Even more on the E's at the ruins


I'm sorry to say I dont get it.
a)the ruins were a building, most likely a farm house, yes?
b) These E's, were 'transformer laminations' (both Shades and the master concur) yes?
c) The E's are 'transformer laminations'... what does that mean?
d) And if so, and if the ruins are an ancient farmhouse why would they be there in their hundreds... in great piles like in this image...?

Comments

  1. It might have been a light industrial unit, of course. Or the farmer rented out the barn. They wouldn't be hard to make, just being stampings out of a zinc sheet. An easy cottage industry in the olden days with a large hand press. (They might have just stamped them out as piece work for a transformer supplier).

    Techy explanation-

    Transformers have two coils wound around a former. Let us take an example of a Mamod model railway controller, the sort that had a red knob and a pop-up from when you overloaded it.

    The mains went in one coil.
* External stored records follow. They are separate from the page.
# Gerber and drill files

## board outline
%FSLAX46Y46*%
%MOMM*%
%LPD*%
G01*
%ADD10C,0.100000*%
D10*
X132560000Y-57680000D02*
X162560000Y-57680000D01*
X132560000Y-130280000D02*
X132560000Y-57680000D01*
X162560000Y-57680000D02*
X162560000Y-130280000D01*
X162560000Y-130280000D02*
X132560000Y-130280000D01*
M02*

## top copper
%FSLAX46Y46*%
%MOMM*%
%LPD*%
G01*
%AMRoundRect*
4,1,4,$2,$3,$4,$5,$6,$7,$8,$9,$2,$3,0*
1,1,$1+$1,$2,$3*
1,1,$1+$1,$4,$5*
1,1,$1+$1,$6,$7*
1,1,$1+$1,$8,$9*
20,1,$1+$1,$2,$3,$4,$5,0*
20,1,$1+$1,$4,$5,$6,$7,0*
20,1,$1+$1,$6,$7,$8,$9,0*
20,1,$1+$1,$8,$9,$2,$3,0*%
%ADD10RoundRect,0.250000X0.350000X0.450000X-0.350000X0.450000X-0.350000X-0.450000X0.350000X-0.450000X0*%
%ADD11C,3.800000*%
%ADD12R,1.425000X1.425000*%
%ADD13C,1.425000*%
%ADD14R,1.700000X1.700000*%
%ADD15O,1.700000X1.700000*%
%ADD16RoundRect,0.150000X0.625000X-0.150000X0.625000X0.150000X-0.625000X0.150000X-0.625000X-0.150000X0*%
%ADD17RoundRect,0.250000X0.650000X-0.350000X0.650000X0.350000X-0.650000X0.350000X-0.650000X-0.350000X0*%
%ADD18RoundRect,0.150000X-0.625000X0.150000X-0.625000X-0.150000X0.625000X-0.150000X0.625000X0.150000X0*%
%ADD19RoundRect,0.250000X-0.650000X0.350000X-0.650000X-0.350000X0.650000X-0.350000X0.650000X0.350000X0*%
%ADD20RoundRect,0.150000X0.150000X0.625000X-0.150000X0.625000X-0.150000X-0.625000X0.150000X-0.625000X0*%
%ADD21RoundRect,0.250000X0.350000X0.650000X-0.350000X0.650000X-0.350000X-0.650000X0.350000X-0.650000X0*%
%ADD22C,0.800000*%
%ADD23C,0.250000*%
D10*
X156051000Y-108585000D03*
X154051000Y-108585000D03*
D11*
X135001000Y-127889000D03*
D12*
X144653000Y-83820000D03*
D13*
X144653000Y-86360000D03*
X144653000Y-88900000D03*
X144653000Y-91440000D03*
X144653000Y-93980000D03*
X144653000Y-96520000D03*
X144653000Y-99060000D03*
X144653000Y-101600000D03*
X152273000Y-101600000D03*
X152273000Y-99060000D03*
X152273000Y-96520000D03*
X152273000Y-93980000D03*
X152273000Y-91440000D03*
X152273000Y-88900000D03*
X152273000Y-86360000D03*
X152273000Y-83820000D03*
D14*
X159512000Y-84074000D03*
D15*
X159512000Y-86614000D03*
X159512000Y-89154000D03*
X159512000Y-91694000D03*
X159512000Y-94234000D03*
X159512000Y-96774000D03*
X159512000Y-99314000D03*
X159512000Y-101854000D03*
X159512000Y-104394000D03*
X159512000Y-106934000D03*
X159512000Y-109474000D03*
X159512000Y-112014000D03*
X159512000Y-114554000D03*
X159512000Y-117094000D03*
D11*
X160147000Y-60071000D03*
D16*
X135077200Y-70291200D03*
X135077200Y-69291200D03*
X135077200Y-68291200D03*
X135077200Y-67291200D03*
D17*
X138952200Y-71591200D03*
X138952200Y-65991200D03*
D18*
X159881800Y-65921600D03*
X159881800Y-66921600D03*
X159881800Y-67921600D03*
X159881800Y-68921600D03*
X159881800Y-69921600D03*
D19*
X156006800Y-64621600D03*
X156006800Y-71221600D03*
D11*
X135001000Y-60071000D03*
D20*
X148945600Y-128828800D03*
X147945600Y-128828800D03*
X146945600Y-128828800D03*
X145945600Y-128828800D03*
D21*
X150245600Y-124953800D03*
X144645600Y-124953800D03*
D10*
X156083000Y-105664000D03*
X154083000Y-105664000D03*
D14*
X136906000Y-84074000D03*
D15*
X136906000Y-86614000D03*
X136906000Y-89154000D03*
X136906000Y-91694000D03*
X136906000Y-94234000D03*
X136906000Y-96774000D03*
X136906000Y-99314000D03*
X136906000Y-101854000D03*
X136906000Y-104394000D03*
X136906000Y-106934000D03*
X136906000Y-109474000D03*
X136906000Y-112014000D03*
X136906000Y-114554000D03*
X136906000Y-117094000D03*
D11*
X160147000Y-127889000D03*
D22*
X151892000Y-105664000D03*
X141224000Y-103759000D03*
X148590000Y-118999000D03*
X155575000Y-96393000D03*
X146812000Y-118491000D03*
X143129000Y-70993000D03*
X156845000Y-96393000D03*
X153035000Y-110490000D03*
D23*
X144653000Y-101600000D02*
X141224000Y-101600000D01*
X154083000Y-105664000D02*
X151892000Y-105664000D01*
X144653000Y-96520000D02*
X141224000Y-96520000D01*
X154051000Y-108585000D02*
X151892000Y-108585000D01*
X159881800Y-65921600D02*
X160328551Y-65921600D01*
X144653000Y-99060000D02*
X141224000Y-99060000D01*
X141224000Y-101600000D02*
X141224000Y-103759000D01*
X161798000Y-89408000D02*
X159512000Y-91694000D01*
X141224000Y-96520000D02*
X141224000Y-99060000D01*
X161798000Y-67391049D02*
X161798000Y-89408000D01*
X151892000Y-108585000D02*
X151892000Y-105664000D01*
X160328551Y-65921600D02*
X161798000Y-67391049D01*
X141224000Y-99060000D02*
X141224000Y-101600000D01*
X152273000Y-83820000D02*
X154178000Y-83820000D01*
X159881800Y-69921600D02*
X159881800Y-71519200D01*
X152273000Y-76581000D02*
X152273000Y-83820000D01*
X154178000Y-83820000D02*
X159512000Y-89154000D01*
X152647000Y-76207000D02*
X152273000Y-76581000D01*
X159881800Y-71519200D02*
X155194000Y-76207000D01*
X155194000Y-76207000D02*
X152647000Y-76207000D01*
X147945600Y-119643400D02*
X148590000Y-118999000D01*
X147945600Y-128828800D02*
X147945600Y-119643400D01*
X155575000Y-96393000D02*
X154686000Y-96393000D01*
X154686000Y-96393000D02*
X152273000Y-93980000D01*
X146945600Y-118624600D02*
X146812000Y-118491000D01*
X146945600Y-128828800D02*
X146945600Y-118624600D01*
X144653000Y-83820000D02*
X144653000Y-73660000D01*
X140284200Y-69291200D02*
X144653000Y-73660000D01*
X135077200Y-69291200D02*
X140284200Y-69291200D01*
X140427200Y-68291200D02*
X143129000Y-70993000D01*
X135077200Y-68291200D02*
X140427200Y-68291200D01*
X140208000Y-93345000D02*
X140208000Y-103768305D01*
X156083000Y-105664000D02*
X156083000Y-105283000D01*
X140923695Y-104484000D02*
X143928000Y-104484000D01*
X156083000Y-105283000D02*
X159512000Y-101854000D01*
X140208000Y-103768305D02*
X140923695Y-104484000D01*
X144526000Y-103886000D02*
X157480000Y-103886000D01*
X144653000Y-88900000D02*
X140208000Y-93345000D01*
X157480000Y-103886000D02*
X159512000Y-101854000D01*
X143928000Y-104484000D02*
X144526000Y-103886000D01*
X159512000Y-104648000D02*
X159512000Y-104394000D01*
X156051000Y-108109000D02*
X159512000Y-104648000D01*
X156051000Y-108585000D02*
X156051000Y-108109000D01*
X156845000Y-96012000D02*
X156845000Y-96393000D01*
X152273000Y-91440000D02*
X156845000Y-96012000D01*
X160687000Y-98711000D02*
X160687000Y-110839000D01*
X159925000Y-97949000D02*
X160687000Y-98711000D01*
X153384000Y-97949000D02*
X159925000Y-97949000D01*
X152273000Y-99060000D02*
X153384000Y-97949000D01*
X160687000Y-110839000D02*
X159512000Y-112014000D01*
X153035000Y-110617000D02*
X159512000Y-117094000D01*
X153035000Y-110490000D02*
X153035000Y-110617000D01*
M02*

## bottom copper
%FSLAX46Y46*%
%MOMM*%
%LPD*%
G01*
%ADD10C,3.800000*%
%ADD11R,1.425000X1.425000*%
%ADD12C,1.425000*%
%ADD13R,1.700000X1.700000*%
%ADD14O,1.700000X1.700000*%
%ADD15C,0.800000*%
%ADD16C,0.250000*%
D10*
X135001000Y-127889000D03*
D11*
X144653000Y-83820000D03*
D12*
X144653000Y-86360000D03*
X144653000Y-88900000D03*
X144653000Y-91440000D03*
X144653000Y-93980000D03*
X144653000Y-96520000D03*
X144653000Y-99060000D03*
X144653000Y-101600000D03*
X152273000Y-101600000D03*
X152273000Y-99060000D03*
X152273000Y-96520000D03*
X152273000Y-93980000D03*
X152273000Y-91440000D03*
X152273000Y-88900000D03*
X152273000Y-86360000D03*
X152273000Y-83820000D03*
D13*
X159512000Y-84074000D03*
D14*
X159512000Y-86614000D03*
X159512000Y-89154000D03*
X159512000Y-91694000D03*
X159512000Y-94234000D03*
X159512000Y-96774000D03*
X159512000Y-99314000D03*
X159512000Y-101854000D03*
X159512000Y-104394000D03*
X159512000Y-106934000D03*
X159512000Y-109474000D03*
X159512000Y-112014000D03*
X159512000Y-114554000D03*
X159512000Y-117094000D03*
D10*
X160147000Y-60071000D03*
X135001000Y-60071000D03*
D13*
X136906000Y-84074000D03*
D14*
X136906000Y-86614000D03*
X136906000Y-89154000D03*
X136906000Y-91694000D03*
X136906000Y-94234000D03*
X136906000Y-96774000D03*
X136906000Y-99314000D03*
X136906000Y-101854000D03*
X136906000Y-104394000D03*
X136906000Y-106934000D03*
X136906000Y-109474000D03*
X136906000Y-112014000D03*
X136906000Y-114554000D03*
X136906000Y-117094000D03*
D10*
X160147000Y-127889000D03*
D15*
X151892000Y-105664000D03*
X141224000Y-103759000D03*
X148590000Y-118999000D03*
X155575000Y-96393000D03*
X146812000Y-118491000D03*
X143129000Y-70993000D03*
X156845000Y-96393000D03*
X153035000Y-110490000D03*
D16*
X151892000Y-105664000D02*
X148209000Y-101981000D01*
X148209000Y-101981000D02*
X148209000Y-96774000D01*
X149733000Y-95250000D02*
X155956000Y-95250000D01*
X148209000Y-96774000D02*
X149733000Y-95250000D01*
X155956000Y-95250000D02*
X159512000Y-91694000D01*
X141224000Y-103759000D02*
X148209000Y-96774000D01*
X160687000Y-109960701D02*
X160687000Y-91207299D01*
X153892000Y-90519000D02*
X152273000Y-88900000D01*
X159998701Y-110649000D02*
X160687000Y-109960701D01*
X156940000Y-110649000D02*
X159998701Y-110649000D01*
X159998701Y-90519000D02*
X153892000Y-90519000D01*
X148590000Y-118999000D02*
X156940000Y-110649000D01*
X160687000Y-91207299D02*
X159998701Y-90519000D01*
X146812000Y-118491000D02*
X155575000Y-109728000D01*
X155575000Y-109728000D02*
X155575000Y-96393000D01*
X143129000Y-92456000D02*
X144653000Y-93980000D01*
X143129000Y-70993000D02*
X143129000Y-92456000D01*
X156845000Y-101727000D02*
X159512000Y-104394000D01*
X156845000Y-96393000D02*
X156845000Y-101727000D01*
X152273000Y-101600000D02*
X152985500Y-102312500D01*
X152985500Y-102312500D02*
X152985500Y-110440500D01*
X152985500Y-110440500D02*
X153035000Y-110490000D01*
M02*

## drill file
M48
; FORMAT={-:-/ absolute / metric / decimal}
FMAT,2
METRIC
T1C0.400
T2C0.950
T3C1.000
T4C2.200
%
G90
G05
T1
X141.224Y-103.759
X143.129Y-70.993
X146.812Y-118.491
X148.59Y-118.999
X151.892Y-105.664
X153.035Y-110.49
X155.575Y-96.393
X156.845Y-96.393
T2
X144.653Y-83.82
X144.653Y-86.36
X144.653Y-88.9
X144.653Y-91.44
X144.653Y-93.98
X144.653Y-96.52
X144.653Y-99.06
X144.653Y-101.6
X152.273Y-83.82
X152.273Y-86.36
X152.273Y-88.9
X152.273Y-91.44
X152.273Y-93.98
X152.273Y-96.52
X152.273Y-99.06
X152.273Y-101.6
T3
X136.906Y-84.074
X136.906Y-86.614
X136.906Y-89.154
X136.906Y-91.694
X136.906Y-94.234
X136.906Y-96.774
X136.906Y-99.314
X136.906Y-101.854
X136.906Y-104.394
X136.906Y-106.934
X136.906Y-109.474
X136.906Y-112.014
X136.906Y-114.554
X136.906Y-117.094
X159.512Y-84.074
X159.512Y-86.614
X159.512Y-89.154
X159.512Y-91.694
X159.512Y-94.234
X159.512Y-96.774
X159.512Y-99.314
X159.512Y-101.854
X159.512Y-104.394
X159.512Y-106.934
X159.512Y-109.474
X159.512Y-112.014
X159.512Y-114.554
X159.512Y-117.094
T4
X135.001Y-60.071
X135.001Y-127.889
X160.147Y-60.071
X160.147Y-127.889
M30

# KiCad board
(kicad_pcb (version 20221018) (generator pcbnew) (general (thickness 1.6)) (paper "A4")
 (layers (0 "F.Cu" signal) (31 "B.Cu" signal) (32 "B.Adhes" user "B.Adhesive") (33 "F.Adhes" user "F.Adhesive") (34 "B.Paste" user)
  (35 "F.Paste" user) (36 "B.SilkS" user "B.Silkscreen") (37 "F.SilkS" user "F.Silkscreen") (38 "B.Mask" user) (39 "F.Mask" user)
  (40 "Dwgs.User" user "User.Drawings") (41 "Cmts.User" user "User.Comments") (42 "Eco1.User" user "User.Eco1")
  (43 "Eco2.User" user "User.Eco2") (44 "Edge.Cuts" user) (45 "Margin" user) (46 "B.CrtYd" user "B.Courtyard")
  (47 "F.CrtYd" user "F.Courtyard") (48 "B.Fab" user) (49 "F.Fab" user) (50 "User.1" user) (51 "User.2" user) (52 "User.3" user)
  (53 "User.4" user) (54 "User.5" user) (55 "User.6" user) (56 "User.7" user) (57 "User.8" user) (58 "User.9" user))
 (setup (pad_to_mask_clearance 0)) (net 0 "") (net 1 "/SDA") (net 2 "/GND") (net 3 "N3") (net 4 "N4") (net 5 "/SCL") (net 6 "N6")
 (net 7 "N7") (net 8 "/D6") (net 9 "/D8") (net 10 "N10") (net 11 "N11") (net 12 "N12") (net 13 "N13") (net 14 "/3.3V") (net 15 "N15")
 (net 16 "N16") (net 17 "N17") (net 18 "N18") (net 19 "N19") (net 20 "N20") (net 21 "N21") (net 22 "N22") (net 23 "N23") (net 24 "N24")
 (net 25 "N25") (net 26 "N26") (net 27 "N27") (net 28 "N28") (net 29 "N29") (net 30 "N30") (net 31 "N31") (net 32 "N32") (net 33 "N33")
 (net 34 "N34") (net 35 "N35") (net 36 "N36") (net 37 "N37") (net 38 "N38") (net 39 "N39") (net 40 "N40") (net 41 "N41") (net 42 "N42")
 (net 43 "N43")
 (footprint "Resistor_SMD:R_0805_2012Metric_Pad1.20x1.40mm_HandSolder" (layer "F.Cu") (at 155.051 108.585 180)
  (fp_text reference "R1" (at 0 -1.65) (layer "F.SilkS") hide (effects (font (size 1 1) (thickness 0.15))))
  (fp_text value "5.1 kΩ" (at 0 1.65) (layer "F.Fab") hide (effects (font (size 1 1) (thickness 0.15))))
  (pad "1" smd roundrect (at -1 0 180) (size 1.2 1.4) (layers "F.Cu" "F.Paste" "F.Mask") (roundrect_rratio 0.2083333333) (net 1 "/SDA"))
  (pad "2" smd roundrect (at 1 0 180) (size 1.2 1.4) (layers "F.Cu" "F.Paste" "F.Mask") (roundrect_rratio 0.2083333333) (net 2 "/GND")))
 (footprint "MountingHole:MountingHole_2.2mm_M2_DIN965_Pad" (layer "F.Cu") (at 135.001 127.889)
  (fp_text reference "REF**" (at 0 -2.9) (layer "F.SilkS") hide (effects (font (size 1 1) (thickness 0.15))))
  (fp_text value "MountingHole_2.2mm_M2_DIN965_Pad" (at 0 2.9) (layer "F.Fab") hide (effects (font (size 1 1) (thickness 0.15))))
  (pad "1" thru_hole circle (at 0 0) (size 3.8 3.8) (drill 2.2) (layers "*.Cu" "*.Mask")))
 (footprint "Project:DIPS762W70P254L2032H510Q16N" (layer "F.Cu") (at 144.653 83.82)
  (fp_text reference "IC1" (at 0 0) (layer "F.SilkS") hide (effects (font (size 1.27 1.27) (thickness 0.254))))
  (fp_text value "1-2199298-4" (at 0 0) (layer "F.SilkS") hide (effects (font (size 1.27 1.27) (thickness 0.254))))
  (pad "1" thru_hole rect (at 0 0) (size 1.425 1.425) (drill 0.95) (layers "*.Cu" "*.Mask") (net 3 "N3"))
  (pad "2" thru_hole circle (at 0 2.54) (size 1.425 1.425) (drill 0.95) (layers "*.Cu" "*.Mask") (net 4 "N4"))
  (pad "3" thru_hole circle (at 0 5.08) (size 1.425 1.425) (drill 0.95) (layers "*.Cu" "*.Mask") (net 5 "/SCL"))
  (pad "4" thru_hole circle (at 0 7.62) (size 1.425 1.425) (drill 0.95) (layers "*.Cu" "*.Mask") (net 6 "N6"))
This induced a voltage in the second coil in direct ratio to the number of turns.

    Without a former, there is no voltage induced as it has to behave like an electromagnet. However, if it is a solid core eddy currents are induced as well, making it get overly hot and wasteful. The laminations dramatically reduce the eddy currents provided that the E's are coated to insulate them. The bit that turns the E into an 8 has to complete the circuit for it to work properly and it is arranged so that the windings can be slid in without having to lace them through holes.

    ReplyDelete
  2. I appreciate and get the first paragraph, but the 'techy' explanation is beyond my understanding, me being just a cook, a lowly lowly cook...master can you simply Shades's explanation even further for me?

    ReplyDelete
  3. The 'e's were probably out of old TV sets. We used to find thousands of them behind Riverside Rentals TV shop in Forest Hall where they fitted new transformers to the cathode ray tubes. Great for chucking, stuck in concrete too.